Task prompt
Scan the entries below for the word "Reference", then copy each line that holds it.

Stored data
....
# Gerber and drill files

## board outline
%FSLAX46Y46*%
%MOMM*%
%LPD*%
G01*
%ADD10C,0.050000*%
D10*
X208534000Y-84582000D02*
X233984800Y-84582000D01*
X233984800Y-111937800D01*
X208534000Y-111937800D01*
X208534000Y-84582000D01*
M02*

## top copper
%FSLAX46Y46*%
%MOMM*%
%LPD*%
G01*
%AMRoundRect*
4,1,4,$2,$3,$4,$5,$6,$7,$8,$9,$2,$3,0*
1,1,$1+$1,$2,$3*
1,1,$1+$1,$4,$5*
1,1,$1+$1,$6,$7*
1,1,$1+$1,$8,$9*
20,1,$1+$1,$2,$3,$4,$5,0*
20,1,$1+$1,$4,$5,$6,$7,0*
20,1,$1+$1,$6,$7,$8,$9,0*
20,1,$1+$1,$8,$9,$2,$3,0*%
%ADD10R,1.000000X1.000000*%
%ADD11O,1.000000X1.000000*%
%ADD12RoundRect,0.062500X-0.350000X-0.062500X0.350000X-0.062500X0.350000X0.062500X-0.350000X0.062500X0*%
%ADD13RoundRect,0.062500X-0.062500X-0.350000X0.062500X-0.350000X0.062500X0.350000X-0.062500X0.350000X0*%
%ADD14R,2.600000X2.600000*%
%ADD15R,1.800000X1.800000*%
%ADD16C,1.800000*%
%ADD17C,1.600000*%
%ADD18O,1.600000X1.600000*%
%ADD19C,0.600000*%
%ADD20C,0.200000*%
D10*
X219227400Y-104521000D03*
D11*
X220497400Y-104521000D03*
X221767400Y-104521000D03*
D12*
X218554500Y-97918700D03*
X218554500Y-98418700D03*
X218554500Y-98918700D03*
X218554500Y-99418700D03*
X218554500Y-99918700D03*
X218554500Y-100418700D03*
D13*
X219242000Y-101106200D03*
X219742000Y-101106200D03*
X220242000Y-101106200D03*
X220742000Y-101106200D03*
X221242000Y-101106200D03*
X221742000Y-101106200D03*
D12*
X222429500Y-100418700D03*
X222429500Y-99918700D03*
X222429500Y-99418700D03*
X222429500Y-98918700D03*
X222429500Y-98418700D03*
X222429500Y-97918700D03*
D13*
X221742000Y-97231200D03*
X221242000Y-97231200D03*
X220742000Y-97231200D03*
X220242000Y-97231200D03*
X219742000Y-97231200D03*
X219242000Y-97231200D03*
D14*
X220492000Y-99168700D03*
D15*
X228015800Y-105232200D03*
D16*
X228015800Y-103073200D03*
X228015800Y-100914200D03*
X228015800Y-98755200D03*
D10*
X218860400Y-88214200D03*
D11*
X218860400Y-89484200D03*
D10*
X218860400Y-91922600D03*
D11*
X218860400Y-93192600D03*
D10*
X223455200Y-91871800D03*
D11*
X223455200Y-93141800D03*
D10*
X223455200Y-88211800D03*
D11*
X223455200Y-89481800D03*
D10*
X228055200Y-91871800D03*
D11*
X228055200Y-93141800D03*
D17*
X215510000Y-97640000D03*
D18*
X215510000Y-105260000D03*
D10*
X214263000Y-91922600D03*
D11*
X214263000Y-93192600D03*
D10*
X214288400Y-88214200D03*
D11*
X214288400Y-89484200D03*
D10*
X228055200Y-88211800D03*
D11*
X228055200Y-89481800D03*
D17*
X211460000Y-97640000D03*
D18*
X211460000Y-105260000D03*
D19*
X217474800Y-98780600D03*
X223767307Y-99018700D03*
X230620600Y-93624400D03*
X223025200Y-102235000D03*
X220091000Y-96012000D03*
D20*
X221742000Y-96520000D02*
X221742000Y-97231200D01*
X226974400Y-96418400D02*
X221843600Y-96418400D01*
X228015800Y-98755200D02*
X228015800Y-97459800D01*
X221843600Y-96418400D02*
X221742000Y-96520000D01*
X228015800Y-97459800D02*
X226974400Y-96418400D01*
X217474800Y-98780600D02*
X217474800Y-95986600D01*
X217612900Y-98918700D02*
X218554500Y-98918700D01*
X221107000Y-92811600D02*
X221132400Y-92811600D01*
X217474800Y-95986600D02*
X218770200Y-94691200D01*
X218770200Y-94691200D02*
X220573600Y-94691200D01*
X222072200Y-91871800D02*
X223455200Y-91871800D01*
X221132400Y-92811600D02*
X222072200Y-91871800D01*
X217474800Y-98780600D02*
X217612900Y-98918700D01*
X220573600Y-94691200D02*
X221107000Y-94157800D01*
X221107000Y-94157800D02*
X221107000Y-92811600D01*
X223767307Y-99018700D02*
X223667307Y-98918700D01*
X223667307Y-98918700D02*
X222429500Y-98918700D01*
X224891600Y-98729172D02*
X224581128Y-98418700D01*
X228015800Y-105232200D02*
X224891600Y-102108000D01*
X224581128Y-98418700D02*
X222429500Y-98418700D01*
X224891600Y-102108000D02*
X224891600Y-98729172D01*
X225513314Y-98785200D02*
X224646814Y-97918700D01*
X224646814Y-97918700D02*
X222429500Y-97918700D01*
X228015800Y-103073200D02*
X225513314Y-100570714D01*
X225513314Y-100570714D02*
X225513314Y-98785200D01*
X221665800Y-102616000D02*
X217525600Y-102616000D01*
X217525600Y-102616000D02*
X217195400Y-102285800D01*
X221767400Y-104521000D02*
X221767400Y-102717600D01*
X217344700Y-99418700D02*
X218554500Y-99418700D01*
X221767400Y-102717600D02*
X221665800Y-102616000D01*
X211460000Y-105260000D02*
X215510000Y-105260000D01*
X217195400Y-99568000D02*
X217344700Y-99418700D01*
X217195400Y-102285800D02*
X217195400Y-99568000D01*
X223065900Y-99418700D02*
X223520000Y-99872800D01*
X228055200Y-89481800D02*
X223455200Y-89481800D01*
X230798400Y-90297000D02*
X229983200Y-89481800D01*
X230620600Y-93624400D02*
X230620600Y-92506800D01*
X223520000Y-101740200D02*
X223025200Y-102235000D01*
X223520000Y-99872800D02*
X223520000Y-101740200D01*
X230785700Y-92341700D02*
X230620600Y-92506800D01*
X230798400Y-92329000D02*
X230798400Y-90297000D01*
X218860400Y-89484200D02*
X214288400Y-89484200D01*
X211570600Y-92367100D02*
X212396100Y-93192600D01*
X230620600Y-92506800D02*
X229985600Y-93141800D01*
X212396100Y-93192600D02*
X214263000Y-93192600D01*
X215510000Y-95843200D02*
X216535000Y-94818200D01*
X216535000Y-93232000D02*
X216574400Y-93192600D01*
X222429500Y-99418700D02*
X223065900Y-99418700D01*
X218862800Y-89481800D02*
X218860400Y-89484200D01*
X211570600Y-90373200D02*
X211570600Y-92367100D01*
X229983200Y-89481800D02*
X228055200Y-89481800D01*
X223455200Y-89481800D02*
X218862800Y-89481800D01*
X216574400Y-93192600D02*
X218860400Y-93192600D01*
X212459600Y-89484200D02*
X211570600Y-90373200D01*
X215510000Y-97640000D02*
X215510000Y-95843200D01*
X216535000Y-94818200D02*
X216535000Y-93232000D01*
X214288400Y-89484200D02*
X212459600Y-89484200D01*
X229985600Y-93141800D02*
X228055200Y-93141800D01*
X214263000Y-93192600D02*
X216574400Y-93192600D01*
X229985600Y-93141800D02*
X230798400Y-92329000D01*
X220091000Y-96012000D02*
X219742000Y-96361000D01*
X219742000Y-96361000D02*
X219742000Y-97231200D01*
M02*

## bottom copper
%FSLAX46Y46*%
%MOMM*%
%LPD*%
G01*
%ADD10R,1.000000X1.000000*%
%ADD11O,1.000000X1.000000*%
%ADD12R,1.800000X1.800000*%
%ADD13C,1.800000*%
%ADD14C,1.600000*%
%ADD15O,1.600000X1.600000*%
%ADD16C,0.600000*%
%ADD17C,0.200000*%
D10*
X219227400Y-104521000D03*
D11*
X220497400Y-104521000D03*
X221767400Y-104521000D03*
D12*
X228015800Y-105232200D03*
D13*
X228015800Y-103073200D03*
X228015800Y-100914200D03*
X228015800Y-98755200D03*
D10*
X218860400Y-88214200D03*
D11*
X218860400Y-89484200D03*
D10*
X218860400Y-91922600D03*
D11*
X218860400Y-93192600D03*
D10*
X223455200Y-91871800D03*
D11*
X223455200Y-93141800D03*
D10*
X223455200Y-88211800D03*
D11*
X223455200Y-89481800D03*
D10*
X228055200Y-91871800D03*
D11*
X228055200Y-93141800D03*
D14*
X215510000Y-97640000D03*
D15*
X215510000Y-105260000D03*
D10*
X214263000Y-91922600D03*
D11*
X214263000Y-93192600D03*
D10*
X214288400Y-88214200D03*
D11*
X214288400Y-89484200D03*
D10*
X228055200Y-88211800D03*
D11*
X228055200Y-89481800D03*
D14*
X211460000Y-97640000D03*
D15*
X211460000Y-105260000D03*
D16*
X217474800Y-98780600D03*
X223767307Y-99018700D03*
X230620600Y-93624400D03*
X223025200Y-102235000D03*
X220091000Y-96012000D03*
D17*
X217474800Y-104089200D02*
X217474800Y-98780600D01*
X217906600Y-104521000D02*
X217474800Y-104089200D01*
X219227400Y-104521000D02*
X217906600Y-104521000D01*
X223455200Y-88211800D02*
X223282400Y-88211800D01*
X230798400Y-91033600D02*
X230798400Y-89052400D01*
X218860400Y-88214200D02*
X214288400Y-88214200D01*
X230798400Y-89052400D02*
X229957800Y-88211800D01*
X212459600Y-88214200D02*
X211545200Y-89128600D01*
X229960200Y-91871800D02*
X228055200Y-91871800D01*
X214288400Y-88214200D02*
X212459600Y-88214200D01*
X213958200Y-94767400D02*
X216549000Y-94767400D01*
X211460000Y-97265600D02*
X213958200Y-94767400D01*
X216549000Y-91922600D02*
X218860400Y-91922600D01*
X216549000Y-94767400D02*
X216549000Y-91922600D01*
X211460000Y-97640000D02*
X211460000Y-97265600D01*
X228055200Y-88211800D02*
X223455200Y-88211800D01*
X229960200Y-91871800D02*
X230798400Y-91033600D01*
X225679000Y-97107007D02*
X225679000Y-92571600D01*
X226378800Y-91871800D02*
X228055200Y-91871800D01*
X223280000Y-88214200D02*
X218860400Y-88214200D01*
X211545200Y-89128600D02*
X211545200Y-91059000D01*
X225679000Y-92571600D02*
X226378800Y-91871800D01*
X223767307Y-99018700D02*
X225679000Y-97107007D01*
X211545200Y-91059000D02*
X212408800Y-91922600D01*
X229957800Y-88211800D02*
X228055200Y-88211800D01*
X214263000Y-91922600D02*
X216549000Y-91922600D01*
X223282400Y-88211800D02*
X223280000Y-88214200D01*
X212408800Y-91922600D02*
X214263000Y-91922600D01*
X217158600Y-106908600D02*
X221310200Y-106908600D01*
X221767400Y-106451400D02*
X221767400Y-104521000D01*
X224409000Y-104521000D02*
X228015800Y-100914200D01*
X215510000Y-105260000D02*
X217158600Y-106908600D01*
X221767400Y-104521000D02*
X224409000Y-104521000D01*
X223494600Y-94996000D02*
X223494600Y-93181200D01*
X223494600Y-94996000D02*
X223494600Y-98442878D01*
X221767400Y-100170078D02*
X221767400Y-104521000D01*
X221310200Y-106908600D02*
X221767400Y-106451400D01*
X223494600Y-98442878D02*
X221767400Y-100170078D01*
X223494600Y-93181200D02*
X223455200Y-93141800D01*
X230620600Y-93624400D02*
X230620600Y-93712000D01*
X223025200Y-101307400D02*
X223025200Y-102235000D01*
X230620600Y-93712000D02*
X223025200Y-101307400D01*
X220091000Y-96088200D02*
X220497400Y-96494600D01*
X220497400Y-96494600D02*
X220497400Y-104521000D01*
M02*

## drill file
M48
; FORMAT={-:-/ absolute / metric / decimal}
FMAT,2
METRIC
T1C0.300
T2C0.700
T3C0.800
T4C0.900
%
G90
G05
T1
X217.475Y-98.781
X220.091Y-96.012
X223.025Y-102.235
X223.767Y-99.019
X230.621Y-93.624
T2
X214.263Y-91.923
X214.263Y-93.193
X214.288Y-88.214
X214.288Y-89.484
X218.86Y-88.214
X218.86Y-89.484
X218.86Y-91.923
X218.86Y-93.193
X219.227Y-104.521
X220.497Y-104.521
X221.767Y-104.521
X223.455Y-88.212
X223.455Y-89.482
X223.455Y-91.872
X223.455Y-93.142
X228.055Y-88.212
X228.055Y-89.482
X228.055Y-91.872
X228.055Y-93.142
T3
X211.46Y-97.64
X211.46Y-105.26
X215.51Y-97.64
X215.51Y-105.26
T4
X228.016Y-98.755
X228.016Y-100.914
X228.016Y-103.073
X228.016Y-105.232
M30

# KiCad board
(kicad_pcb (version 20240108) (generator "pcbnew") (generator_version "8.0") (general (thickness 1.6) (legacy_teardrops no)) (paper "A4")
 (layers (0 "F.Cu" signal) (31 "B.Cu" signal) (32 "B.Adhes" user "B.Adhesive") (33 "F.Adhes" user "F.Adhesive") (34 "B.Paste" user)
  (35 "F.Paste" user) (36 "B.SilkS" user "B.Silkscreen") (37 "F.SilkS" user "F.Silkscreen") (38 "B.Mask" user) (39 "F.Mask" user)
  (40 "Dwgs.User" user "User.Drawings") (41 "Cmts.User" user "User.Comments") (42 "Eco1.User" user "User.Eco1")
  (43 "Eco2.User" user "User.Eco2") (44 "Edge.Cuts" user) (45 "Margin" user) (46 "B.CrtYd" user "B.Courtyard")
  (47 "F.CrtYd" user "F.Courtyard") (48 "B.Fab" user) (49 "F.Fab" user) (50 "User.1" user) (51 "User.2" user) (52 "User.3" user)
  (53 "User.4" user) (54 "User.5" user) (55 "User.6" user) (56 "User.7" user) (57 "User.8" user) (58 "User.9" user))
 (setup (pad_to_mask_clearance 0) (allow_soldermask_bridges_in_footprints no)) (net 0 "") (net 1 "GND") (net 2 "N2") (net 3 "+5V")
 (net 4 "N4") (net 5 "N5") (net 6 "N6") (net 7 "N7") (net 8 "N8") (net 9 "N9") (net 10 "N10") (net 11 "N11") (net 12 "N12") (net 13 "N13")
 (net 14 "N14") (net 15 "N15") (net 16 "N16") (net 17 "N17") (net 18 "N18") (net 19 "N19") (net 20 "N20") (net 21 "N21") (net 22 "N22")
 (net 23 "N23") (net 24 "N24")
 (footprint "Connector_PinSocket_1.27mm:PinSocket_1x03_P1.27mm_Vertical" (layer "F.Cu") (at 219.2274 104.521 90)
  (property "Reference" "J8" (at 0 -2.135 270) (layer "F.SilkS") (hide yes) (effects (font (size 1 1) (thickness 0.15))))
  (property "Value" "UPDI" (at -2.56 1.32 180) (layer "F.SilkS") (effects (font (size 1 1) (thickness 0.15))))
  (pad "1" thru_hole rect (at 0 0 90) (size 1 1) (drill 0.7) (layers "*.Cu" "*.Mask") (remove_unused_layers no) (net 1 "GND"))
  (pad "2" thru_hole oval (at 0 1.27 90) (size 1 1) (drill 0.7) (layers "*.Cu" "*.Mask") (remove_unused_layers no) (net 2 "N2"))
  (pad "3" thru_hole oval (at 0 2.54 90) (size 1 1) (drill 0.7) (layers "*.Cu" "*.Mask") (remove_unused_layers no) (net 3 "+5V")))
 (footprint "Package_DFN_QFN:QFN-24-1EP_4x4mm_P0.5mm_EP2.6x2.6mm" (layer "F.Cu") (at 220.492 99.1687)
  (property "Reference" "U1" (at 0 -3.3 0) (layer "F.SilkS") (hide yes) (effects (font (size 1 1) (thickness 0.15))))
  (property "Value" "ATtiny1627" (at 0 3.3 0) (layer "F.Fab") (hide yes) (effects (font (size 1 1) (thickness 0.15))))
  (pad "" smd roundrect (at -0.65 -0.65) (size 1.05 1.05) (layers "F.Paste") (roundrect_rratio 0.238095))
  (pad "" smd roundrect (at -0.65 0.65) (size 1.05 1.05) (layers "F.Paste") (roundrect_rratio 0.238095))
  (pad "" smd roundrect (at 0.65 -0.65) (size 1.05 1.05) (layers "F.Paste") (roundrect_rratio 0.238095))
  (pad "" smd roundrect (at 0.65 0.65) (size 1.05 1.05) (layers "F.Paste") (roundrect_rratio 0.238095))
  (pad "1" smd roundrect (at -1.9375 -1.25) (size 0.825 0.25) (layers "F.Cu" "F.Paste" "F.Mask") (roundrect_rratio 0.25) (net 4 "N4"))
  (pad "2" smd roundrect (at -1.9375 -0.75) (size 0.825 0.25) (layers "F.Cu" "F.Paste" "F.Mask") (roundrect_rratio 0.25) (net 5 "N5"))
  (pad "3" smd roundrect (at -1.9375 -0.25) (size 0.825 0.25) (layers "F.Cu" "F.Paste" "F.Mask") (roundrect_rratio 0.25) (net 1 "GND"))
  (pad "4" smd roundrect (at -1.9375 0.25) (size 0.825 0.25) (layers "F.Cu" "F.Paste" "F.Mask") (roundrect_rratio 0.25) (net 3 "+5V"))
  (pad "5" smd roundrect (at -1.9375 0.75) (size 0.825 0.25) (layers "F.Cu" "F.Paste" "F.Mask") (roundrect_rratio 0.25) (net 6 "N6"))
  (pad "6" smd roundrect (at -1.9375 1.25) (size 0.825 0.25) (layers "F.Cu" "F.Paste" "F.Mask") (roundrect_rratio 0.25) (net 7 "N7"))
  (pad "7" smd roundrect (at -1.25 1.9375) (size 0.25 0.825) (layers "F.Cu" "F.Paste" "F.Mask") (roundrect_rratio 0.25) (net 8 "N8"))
....
Result below
  (property "Reference" "J8" (at 0 -2.135 270) (layer "F.SilkS") (hide yes) (effects (font (size 1 1) (thickness 0.15))))
  (property "Reference" "U1" (at 0 -3.3 0) (layer "F.SilkS") (hide yes) (effects (font (size 1 1) (thickness 0.15))))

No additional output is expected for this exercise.